By David Alexander and Phil Stewart
WASHINGTON (Reuters) - The nominee to become the top U.S. military officer warned on Tuesday it would be "extraordinarily difficult and very high risk" to cut $800 billion from defense spending as part of efforts to reduce the nation's $14.3 trillion debt.
Army General Martin Dempsey appeared to push back hard in his Senate nomination hearing against proposals gaining momentum in Congress to at least double President Barack Obama's slated defense cuts of $400 billion over the next dozen years.
"National security didn't cause the debt crisis nor will it solve it," Dempsey, Obama's choice to become chairman of the Joint Chiefs of Staff, told the Senate Armed Services Committee in a written comments released in conjunction with the hearing.
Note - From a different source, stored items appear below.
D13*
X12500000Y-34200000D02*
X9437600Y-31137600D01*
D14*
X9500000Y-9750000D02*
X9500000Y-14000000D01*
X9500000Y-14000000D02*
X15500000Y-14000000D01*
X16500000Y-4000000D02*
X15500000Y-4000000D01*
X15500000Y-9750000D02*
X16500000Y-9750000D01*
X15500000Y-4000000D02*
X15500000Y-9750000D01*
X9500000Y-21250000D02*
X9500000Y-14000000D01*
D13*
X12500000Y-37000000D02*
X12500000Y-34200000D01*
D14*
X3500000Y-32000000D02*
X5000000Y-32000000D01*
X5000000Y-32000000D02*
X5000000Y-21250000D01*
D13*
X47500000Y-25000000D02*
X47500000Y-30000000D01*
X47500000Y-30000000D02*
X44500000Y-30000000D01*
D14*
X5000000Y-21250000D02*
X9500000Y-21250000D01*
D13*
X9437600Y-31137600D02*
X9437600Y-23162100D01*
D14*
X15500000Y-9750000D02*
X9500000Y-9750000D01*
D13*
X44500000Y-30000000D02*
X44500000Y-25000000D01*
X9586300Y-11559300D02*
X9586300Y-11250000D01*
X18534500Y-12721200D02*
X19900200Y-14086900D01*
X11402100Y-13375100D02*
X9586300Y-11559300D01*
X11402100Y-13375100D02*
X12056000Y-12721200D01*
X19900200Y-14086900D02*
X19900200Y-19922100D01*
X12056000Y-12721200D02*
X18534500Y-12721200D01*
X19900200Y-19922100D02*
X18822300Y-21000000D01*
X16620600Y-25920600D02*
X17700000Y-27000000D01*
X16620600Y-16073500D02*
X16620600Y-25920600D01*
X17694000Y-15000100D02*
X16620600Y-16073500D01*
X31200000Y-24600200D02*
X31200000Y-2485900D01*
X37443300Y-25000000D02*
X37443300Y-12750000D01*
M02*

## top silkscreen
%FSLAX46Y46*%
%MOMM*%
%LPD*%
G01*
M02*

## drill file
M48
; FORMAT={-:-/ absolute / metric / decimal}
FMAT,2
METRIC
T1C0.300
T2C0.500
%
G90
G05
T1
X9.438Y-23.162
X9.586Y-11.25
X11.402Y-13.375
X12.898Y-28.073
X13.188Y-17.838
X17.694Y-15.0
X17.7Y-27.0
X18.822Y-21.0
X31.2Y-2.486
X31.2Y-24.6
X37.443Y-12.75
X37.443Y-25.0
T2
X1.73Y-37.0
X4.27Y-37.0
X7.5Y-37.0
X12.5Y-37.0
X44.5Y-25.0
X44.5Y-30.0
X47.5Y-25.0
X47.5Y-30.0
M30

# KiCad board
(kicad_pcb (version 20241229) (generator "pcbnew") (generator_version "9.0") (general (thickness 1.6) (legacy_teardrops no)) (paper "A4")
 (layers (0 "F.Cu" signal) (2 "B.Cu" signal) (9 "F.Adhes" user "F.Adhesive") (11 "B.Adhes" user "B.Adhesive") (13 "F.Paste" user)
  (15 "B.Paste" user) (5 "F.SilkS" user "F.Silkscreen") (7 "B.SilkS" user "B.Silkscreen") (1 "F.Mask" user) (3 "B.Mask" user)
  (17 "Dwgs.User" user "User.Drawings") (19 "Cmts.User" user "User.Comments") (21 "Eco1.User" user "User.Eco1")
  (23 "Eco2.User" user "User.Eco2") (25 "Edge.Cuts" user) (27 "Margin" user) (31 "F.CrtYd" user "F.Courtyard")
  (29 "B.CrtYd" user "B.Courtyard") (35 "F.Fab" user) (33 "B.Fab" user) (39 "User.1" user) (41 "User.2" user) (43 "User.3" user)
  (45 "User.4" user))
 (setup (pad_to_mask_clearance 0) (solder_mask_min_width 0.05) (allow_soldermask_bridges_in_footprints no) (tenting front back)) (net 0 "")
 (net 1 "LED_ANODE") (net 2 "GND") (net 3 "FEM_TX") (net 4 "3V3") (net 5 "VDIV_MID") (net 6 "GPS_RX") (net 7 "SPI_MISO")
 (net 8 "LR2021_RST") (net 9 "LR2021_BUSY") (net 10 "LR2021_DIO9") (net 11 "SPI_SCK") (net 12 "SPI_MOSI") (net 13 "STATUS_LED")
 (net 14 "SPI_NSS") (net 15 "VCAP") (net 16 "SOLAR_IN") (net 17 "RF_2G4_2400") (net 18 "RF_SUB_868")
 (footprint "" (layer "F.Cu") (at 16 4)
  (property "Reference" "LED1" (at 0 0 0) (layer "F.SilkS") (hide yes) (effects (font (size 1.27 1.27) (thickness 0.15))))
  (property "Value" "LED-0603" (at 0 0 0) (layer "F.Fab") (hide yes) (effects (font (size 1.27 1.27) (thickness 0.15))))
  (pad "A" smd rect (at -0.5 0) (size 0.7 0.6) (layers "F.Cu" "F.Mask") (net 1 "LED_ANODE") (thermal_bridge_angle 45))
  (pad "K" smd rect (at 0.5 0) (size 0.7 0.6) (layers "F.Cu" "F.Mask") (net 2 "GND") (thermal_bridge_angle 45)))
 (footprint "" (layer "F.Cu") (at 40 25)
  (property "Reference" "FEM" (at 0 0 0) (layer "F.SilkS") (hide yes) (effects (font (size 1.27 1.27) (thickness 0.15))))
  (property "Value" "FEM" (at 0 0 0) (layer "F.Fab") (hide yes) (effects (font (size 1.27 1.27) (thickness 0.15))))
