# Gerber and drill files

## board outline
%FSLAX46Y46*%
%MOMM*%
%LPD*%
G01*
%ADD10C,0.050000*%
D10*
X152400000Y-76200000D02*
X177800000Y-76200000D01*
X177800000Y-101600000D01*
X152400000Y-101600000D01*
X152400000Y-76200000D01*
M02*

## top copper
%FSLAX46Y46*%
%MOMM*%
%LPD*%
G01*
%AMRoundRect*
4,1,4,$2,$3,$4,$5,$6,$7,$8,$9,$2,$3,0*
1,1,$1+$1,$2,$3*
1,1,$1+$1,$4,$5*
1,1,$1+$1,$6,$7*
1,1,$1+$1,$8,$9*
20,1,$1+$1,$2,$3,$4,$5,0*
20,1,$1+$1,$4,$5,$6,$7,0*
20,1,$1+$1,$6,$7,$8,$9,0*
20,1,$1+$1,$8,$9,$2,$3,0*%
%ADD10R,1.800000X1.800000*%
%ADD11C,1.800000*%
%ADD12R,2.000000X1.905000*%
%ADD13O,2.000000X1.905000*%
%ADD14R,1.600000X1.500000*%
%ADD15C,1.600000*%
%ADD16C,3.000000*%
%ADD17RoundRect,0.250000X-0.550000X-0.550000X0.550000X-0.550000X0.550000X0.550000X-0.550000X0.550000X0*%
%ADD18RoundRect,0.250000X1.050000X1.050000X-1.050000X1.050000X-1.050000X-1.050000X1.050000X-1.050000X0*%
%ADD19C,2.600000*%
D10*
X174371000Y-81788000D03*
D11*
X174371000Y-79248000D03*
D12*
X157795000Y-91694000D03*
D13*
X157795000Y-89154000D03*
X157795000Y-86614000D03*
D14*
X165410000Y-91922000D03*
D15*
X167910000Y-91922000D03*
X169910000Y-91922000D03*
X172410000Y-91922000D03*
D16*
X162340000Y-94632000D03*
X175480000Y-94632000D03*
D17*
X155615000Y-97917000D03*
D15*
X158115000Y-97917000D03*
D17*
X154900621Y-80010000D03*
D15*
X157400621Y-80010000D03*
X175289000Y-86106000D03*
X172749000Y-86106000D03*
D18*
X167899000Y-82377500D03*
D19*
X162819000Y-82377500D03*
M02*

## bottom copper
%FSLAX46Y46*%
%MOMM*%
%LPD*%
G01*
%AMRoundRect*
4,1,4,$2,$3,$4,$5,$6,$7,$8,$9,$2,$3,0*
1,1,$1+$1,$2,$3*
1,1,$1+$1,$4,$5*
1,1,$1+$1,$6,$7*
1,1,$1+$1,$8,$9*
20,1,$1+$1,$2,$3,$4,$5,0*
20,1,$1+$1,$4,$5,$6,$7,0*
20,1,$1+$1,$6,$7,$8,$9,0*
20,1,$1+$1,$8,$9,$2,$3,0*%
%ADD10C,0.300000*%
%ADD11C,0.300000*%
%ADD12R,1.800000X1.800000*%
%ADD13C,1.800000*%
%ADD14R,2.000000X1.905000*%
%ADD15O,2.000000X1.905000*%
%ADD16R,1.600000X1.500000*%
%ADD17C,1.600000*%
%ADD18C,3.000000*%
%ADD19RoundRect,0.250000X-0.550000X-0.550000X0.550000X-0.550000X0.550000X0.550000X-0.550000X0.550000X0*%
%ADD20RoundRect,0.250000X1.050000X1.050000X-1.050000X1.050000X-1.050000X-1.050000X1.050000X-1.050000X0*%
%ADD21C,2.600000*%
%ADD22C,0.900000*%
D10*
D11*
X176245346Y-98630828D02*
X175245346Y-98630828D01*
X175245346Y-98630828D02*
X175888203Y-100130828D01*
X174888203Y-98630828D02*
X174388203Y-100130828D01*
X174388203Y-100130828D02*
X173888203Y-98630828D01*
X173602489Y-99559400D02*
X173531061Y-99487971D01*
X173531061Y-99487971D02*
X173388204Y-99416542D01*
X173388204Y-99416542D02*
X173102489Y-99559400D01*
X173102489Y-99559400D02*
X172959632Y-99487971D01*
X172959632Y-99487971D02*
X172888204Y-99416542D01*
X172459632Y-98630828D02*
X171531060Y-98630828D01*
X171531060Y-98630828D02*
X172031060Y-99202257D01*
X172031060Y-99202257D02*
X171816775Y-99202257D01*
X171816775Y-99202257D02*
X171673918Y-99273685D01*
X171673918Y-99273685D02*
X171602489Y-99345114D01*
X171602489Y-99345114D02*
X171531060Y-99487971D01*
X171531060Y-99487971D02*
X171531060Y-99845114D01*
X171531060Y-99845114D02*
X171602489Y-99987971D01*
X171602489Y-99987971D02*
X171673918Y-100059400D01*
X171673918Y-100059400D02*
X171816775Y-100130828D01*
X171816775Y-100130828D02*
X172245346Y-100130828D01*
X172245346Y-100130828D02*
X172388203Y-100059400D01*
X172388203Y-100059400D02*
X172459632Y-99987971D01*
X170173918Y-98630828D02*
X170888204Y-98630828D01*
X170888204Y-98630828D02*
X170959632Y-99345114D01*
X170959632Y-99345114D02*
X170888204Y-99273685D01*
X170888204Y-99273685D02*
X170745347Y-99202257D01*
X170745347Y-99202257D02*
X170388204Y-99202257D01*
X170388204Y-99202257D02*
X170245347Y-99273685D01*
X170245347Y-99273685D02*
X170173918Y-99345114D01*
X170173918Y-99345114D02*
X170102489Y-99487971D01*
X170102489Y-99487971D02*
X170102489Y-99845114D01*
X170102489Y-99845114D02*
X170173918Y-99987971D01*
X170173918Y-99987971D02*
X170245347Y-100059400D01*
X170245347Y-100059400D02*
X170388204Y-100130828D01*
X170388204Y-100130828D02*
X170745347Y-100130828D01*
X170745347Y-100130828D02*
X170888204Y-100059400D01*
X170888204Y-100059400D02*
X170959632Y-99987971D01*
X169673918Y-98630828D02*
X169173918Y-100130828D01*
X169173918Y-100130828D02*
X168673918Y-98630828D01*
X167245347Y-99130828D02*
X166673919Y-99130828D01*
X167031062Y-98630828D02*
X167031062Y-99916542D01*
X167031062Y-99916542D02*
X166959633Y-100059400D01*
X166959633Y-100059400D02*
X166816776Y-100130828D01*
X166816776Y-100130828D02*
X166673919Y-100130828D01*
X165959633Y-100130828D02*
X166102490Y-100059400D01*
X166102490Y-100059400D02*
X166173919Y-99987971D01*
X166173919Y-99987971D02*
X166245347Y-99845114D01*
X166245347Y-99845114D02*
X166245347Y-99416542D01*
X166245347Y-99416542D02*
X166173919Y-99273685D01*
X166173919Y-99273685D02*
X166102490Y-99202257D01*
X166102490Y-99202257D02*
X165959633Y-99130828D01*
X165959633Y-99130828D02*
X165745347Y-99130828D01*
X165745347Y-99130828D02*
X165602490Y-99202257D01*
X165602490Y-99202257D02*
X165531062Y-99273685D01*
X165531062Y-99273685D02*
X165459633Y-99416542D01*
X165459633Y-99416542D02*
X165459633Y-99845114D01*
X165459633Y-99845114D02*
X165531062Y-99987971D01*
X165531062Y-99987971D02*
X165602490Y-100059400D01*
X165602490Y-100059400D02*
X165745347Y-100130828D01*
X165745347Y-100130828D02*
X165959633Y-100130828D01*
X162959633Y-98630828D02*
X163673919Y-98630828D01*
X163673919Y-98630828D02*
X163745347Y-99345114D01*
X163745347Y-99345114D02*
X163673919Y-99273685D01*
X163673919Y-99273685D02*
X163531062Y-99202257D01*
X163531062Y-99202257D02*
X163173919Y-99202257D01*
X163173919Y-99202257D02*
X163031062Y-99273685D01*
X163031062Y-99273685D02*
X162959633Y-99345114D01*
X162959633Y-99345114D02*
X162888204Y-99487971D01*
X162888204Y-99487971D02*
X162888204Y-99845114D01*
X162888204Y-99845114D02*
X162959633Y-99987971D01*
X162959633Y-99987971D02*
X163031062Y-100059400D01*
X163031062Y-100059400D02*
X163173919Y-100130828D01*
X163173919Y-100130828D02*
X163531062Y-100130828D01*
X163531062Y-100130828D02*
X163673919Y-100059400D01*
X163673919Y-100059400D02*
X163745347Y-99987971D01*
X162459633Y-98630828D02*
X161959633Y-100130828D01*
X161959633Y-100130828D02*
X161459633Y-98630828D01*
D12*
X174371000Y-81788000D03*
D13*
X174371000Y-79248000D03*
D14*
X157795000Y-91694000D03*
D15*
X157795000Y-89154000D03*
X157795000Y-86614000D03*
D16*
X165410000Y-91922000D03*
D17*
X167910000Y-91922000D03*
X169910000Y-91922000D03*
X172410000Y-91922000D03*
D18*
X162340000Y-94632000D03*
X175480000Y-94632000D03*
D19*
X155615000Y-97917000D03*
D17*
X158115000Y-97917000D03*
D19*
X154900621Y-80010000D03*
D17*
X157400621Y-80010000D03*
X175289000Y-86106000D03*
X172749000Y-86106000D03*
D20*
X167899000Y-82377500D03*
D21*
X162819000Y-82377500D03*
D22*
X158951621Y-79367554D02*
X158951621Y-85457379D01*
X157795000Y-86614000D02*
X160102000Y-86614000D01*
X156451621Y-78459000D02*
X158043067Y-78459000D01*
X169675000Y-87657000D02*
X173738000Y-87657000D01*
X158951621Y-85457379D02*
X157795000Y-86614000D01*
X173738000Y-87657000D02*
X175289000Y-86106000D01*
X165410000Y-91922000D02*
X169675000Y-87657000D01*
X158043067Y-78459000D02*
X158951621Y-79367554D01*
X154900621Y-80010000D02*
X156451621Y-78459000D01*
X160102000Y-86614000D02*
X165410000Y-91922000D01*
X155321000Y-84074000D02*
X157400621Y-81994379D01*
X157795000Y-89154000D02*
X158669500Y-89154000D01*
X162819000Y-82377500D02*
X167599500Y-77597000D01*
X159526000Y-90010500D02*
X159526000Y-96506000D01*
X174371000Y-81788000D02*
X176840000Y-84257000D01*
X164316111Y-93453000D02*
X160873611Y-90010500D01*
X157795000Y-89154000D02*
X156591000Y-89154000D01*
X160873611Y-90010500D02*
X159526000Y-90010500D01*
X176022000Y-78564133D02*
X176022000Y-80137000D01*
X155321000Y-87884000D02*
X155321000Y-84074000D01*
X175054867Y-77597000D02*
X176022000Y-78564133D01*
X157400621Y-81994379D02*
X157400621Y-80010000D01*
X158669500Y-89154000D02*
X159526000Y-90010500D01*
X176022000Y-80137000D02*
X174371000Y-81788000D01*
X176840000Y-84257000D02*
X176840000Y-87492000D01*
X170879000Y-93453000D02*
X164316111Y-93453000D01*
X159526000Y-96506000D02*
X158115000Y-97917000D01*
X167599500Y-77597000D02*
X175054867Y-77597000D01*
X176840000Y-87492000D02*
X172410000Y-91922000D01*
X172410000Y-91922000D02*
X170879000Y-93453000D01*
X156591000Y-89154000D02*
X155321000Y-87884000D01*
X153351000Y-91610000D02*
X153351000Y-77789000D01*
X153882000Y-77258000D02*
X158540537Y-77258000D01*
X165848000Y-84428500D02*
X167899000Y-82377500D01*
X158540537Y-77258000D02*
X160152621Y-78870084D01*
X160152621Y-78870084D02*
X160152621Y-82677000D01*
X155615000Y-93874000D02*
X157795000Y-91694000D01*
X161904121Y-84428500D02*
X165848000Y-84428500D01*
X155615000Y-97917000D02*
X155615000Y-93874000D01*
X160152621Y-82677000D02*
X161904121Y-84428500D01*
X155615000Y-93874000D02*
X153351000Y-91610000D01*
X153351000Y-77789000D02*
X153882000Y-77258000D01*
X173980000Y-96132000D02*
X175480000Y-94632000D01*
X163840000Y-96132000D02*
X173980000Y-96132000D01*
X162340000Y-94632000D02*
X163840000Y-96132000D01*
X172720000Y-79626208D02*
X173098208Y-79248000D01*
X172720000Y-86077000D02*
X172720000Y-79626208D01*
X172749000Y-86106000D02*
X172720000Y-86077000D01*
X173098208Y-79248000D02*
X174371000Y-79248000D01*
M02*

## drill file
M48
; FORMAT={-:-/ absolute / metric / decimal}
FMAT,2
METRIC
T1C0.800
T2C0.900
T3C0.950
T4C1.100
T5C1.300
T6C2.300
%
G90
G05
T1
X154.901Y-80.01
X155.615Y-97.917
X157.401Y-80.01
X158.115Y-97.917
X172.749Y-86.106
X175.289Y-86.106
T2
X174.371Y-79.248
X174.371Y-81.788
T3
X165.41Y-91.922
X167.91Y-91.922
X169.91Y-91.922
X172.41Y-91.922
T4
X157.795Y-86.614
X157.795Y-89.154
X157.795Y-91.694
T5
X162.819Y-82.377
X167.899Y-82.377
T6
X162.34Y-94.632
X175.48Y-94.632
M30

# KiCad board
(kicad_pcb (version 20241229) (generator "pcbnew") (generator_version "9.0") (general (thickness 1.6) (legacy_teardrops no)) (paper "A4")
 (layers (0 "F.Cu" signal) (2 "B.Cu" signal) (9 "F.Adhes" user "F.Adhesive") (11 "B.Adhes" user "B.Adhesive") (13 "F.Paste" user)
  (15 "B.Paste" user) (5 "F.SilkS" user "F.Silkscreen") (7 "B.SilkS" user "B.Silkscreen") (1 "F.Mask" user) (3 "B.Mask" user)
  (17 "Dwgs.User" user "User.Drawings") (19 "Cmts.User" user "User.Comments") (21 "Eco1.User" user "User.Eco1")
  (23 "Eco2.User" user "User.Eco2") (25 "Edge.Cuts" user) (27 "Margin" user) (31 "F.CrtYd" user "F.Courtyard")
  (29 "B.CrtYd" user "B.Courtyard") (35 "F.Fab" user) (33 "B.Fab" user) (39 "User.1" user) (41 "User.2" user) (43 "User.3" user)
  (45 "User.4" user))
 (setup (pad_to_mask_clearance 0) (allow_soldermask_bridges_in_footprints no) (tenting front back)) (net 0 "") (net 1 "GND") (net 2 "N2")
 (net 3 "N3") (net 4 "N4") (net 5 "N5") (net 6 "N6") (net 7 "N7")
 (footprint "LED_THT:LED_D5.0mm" (layer "F.Cu") (at 174.371 81.788 90)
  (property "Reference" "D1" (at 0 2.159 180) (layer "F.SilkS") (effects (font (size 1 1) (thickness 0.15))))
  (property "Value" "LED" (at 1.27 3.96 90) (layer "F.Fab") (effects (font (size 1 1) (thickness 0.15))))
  (pad "1" thru_hole rect (at 0 0 90) (size 1.8 1.8) (drill 0.9) (layers "*.Cu" "*.Mask") (remove_unused_layers no) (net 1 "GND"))
  (pad "2" thru_hole circle (at 2.54 0 90) (size 1.8 1.8) (drill 0.9) (layers "*.Cu" "*.Mask") (remove_unused_layers no) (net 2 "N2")))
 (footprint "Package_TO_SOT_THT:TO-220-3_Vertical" (layer "F.Cu") (at 157.795 91.694 90)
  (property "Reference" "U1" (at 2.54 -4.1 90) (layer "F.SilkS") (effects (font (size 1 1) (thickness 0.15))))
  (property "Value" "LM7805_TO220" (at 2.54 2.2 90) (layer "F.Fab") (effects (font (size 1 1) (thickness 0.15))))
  (pad "1" thru_hole rect (at 0 0 90) (size 1.905 2) (drill 1.1) (layers "*.Cu" "*.Mask") (remove_unused_layers no) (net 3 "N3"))
  (pad "2" thru_hole oval (at 2.54 0 90) (size 1.905 2) (drill 1.1) (layers "*.Cu" "*.Mask") (remove_unused_layers no) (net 1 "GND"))
  (pad "3" thru_hole oval (at 5.08 0 90) (size 1.905 2) (drill 1.1) (layers "*.Cu" "*.Mask") (remove_unused_layers no) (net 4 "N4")))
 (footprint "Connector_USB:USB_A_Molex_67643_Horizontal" (layer "F.Cu") (at 165.41 91.922)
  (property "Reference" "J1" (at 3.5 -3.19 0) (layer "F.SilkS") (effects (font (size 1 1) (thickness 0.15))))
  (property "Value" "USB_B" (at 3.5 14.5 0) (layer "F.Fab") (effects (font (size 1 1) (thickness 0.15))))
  (pad "1" thru_hole rect (at 0 0) (size 1.6 1.5) (drill 0.95) (layers "*.Cu" "*.Mask") (remove_unused_layers no) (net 4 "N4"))
  (pad "2" thru_hole circle (at 2.5 0) (size 1.6 1.6) (drill 0.95) (layers "*.Cu" "*.Mask") (remove_unused_layers no) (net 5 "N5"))
  (pad "3" thru_hole circle (at 4.5 0) (size 1.6 1.6) (drill 0.95) (layers "*.Cu" "*.Mask") (remove_unused_layers no) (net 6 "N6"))
  (pad "4" thru_hole circle (at 7 0) (size 1.6 1.6) (drill 0.95) (layers "*.Cu" "*.Mask") (remove_unused_layers no) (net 1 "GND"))
  (pad "5" thru_hole circle (at -3.07 2.71) (size 3 3) (drill 2.3) (layers "*.Cu" "*.Mask") (remove_unused_layers no) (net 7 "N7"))
  (pad "5" thru_hole circle (at 10.07 2.71) (size 3 3) (drill 2.3) (layers "*.Cu" "*.Mask") (remove_unused_layers no) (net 7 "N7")))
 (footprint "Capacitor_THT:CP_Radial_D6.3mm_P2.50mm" (layer "F.Cu") (at 155.615 97.917)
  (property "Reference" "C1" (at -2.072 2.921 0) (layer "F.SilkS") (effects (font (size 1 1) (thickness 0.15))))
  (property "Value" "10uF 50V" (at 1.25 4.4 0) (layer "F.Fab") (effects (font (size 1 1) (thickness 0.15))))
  (pad "1" thru_hole roundrect (at 0 0) (size 1.6 1.6) (drill 0.8) (layers "*.Cu" "*.Mask") (remove_unused_layers no)
   (roundrect_rratio 0.15625) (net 3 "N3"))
The hearing on Dempsey's nomination coincided with a deadlock in Washington on finding a way to reduce the $1.4 trillion annual U.S. deficit and $14.3 trillion debt ahead of an August 2 deadline for raising the debt ceiling.
Obama earlier this year asked the Pentagon to find $400 billion in cuts to national security spending over the next 12 years. The Pentagon is reviewing how best to achieve that goal and is expected to present options to the president.
But lawmakers grappling with the debt issue have proposed even deeper cuts of $800 billion or even $1 trillion over the coming decade.
Asked about the proposals during his hearing, Dempsey said, "Based on the difficulty of achieving the $400 billion cut, I believe $800 billion would be extraordinarily difficult and very high risk."
U.S. DEBT NOT BIGGEST THREAT
Dempsey disagreed with the assessment of the current chairman, Admiral Mike Mullen, who has described the U.S. debt as "the single-biggest threat to our national security."
"I wouldn't describe our economic condition as the single-biggest threat to national security," he said in his written remarks. "There are a lot of clear and present threats to our security in the current operational environment."
Dempsey acknowledged the U.S. debt "is a grave concern" but said the country could not afford to "neglect the other instruments of national power" -- both military and diplomatic -- as it works to solve its fiscal problems.
Republican Senator John McCain, Obama's rival in the 2008 presidential election and a Vietnam war hero, criticized the rising pressure to cut military spending without first understanding the impact on strategy.
"Defense spending is not what is sinking this country into fiscal crisis, and if the Congress and the president act on that flawed assumption, they will create a situation that is truly unaffordable: the hollowing out of U.S. military power and the loss of faith of our military members," McCain said.
Dempsey, who only became Army chief of staff in April before his surprise nomination to become chairman, told McCain the Pentagon's comprehensive strategy for implementing Obama's $400 billion was due to be completed in late September or early October.
McCain said: "We have announced cuts without the commensurate strategy to go along with it. That's not comforting."
Dempsey said it was important for the U.S. military to demonstrate that "We are sensitive to the challenges of the broader nation" and do its part to help reduce the deficit.
"If we don't ... we will be seen as simply putting up barriers and defending ourselves against what Eisenhower famously called, you know, the military-industrial complex," he said.